# I did it



## Tole (Jun 28, 2009)

I finally filed the divorce papers. After two years of...

-constantly being accused of cheating (never did)
-constantly being called a stupid *****
-constantly being subject to strip searches where he would force me to let him check my vagina for signs that I had been with another man
-being left with a choice of having sex every single day or else he would assume I was getting it somewhere else and proceed to have a tantrum and destroy property and/or physically attack me
-being told I'm worthless because I've slept with 4 other guys in my life (before I met him) and nobody else will want such a worthless ***** like me
-being forced to abide by all his silly rules (not allowed to go to certain stores, not allowed to eat certain foods, not allowed to eat in certain rooms of the house, not allowed to come to bed unless the dishes are done, etc.)
-watching him abuse and torture our pets when they misbehave
-constantly fixing holes in the walls, cleaning up messes and spills made in his fits of fury, trying to laugh and downplat the issue when concerned neighbors showed up
-being coerced by having him threaten to call police on me for hitting him (I never hit him) just to get me charged with something so he could ruin my career because all I did there (according to him) was have sex with everyone anyway
-not being allowed to talk to old friends
-not being allowed to talk to male friends
-not being allowed to talk to my family because they dislike him
-not being allowed to talk to black people because he's racist
-being smacked, kicked, choked, punched, slapped, thrown down stairs, pinned against walls, spit on, hair pulled, sexually assaulted, raped, shoved, crushed with a door, cut, scratched, and beaten with furniture...

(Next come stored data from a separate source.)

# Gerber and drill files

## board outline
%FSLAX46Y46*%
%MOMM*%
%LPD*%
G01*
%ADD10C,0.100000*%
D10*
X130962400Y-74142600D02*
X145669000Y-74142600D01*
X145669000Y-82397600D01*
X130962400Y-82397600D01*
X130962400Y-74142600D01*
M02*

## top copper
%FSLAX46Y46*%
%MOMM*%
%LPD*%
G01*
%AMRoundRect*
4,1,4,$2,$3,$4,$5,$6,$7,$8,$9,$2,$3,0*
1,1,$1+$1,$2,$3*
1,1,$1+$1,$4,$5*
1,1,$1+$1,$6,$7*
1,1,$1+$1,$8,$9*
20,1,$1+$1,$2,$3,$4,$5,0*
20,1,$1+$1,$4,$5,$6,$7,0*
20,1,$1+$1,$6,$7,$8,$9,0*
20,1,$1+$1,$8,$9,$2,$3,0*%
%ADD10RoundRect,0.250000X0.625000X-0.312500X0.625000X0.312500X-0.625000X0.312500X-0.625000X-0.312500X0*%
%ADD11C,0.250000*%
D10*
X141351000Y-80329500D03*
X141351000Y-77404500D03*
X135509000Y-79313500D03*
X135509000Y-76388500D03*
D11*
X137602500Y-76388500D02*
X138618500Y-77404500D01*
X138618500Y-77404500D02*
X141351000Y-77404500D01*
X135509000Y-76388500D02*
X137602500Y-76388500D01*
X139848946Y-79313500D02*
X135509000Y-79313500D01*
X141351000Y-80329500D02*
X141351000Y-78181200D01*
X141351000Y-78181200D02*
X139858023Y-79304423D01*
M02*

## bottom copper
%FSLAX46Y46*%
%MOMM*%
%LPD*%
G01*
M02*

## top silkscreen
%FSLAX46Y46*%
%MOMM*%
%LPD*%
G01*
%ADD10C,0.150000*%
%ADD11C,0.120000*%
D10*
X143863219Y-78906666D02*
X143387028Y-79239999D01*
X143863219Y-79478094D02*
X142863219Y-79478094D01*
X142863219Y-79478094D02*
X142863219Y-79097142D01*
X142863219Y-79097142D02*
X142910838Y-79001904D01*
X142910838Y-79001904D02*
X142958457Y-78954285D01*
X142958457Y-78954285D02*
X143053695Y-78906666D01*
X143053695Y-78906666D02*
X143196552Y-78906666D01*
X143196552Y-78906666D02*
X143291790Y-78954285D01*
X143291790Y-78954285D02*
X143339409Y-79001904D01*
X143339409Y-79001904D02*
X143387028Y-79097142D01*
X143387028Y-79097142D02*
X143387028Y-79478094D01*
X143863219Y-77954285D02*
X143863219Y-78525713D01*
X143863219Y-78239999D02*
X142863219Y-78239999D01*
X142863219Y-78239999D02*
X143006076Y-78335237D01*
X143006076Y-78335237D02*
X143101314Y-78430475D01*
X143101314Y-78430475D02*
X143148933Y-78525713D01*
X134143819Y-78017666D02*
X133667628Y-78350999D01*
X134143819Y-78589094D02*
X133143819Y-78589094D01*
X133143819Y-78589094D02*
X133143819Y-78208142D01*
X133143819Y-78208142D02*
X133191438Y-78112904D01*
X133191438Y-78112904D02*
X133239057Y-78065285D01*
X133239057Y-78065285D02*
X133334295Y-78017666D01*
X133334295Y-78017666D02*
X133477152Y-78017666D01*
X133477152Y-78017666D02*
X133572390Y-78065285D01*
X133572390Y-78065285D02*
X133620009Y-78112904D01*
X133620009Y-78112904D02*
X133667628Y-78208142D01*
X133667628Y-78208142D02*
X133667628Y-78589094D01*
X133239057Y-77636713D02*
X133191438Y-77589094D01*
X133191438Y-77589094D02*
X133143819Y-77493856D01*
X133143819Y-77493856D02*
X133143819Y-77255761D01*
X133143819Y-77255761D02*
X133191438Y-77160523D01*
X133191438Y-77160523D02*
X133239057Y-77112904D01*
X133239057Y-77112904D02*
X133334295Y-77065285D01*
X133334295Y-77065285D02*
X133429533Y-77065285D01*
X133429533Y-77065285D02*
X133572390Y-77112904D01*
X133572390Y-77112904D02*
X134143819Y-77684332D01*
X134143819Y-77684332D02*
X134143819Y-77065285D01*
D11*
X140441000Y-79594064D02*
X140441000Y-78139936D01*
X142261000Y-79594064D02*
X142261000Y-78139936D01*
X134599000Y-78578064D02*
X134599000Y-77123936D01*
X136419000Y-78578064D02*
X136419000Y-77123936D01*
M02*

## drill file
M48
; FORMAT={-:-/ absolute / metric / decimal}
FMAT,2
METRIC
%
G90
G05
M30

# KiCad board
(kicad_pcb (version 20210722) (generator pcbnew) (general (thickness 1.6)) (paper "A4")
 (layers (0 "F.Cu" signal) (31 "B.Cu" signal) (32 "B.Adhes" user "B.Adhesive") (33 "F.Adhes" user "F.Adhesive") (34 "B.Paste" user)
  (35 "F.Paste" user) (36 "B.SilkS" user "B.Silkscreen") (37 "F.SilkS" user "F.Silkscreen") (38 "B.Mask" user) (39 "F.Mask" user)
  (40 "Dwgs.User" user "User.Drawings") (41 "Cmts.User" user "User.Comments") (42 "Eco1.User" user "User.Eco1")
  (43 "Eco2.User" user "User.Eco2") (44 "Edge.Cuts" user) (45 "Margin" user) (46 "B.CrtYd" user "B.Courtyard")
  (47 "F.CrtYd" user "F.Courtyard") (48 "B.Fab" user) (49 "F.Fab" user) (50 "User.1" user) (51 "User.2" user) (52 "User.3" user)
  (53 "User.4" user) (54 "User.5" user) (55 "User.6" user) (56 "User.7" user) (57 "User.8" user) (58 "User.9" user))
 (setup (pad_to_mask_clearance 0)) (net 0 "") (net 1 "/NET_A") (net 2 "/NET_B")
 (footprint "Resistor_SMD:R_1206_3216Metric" (layer "F.Cu") (at 141.351 78.867 90)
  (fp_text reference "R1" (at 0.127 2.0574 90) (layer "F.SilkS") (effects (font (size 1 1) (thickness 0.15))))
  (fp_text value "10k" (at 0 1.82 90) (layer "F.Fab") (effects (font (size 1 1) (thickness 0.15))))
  (fp_line (start -0.727064 -0.91) (end 0.727064 -0.91) (layer "F.SilkS") (width 0.12))
  (fp_line (start -0.727064 0.91) (end 0.727064 0.91) (layer "F.SilkS") (width 0.12))
  (pad "1" smd roundrect locked (at -1.4625 0 90) (size 1.125 1.75) (layers "F.Cu" "F.Paste" "F.Mask") (roundrect_rratio 0.222222)
   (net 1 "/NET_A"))
  (pad "2" smd roundrect locked (at 1.4625 0 90) (size 1.125 1.75) (layers "F.Cu" "F.Paste" "F.Mask") (roundrect_rratio 0.222222)
   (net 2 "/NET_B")))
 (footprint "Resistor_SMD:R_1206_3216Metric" (layer "F.Cu") (at 135.509 77.851 90)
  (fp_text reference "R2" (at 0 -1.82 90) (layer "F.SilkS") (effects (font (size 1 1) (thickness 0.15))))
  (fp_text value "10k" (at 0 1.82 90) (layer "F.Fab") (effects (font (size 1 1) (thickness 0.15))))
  (fp_line (start -0.727064 -0.91) (end 0.727064 -0.91) (layer "F.SilkS") (width 0.12))
  (fp_line (start -0.727064 0.91) (end 0.727064 0.91) (layer "F.SilkS") (width 0.12))
  (pad "1" smd roundrect locked (at -1.4625 0 90) (size 1.125 1.75) (layers "F.Cu" "F.Paste" "F.Mask") (roundrect_rratio 0.222222)
   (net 1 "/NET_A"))
  (pad "2" smd roundrect locked (at 1.4625 0 90) (size 1.125 1.75) (layers "F.Cu" "F.Paste" "F.Mask") (roundrect_rratio 0.222222)
   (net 2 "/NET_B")))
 (gr_rect (start 130.9624 74.1426) (end 145.669 82.3976) (layer "Edge.Cuts") (width 0.1) (fill none))
 (segment (start 137.6025 76.3885) (end 138.6185 77.4045) (width 0.25) (layer "F.Cu") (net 2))
 (segment (start 138.6185 77.4045) (end 141.351 77.4045) (width 0.25) (layer "F.Cu") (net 2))
 (segment (start 135.509 76.3885) (end 137.6025 76.3885) (width 0.25) (layer "F.Cu") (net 2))
 (segment (start 139.848946 79.3135) (end 135.509 79.3135) (width 0.25) (layer "F.Cu") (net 1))
 (segment (start 141.351 80.3295) (end 141.351 78.1812) (width 0.25) (layer "F.Cu") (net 1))
 (segment (start 141.351 78.1812) (end 139.858023 79.304423) (width 0.25) (layer "F.Cu") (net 1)))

I have a restraining order, divorce papers, and the process has already started. I might lose money and property and he's already come to my job and caused trouble there, spread nasty rumors to my friends and co-workers and shown naked pictures of me to people for not obeying him, but I finally realized I have nothing left to lose or hold onto. It was hard, for so long I thought I loved him, and couldn't bear the thought of being without him. I didn't want anything bad to happen to him and was afraid to leave him because he might not make it on his own. But I finally reached a point where I realize that both of us will be better off. His dangerous obsession over me will stop getting him into trouble for domestic violence, and I will be free to be myself again. I'm a little nervous because I don't know what's going to happen and because he has alienated me from my friends for so long, I don't really have a support system to confide in, which is probably what I'm doing on this forum. It hurts and I miss him terribly, but his behavior drowned out his "nicer side" so much so that I feel like I already lost him long before this and need to just wish him luck and go on my way.


----------



## amberlynn (May 24, 2009)

Good for you! Glad you are gettin out of that horrible situation, no one deserves to be treated that way. He needs some serious help, and it probably wouldnt hurt for you to sit down with a consoler, just to have someone to open up to and relieve some stress off of you. I hope everything works out for the best. You can PM me if you ever need to talk. Im always here.


----------



## Rhea (May 16, 2009)

Wow...bless your heart sweetie. Yes please talk to a counselor ASAP this man has done more than physically damage you. Post and keep posting there are many a fine folk here to listen, let you vent, and listen some more. Congrats for finally taking a stand for yourself best thing you've ever done!!!


----------



## preso (May 1, 2009)

Sounds like:
Your life will most certainly improve now !!!


----------



## MarkTwain (Aug 1, 2008)

Well done. Don't look back.


----------



## Sandy55 (Jun 3, 2009)

:smthumbup::smthumbup::smthumbup:

Looks like there is only one way but up for you, Tole!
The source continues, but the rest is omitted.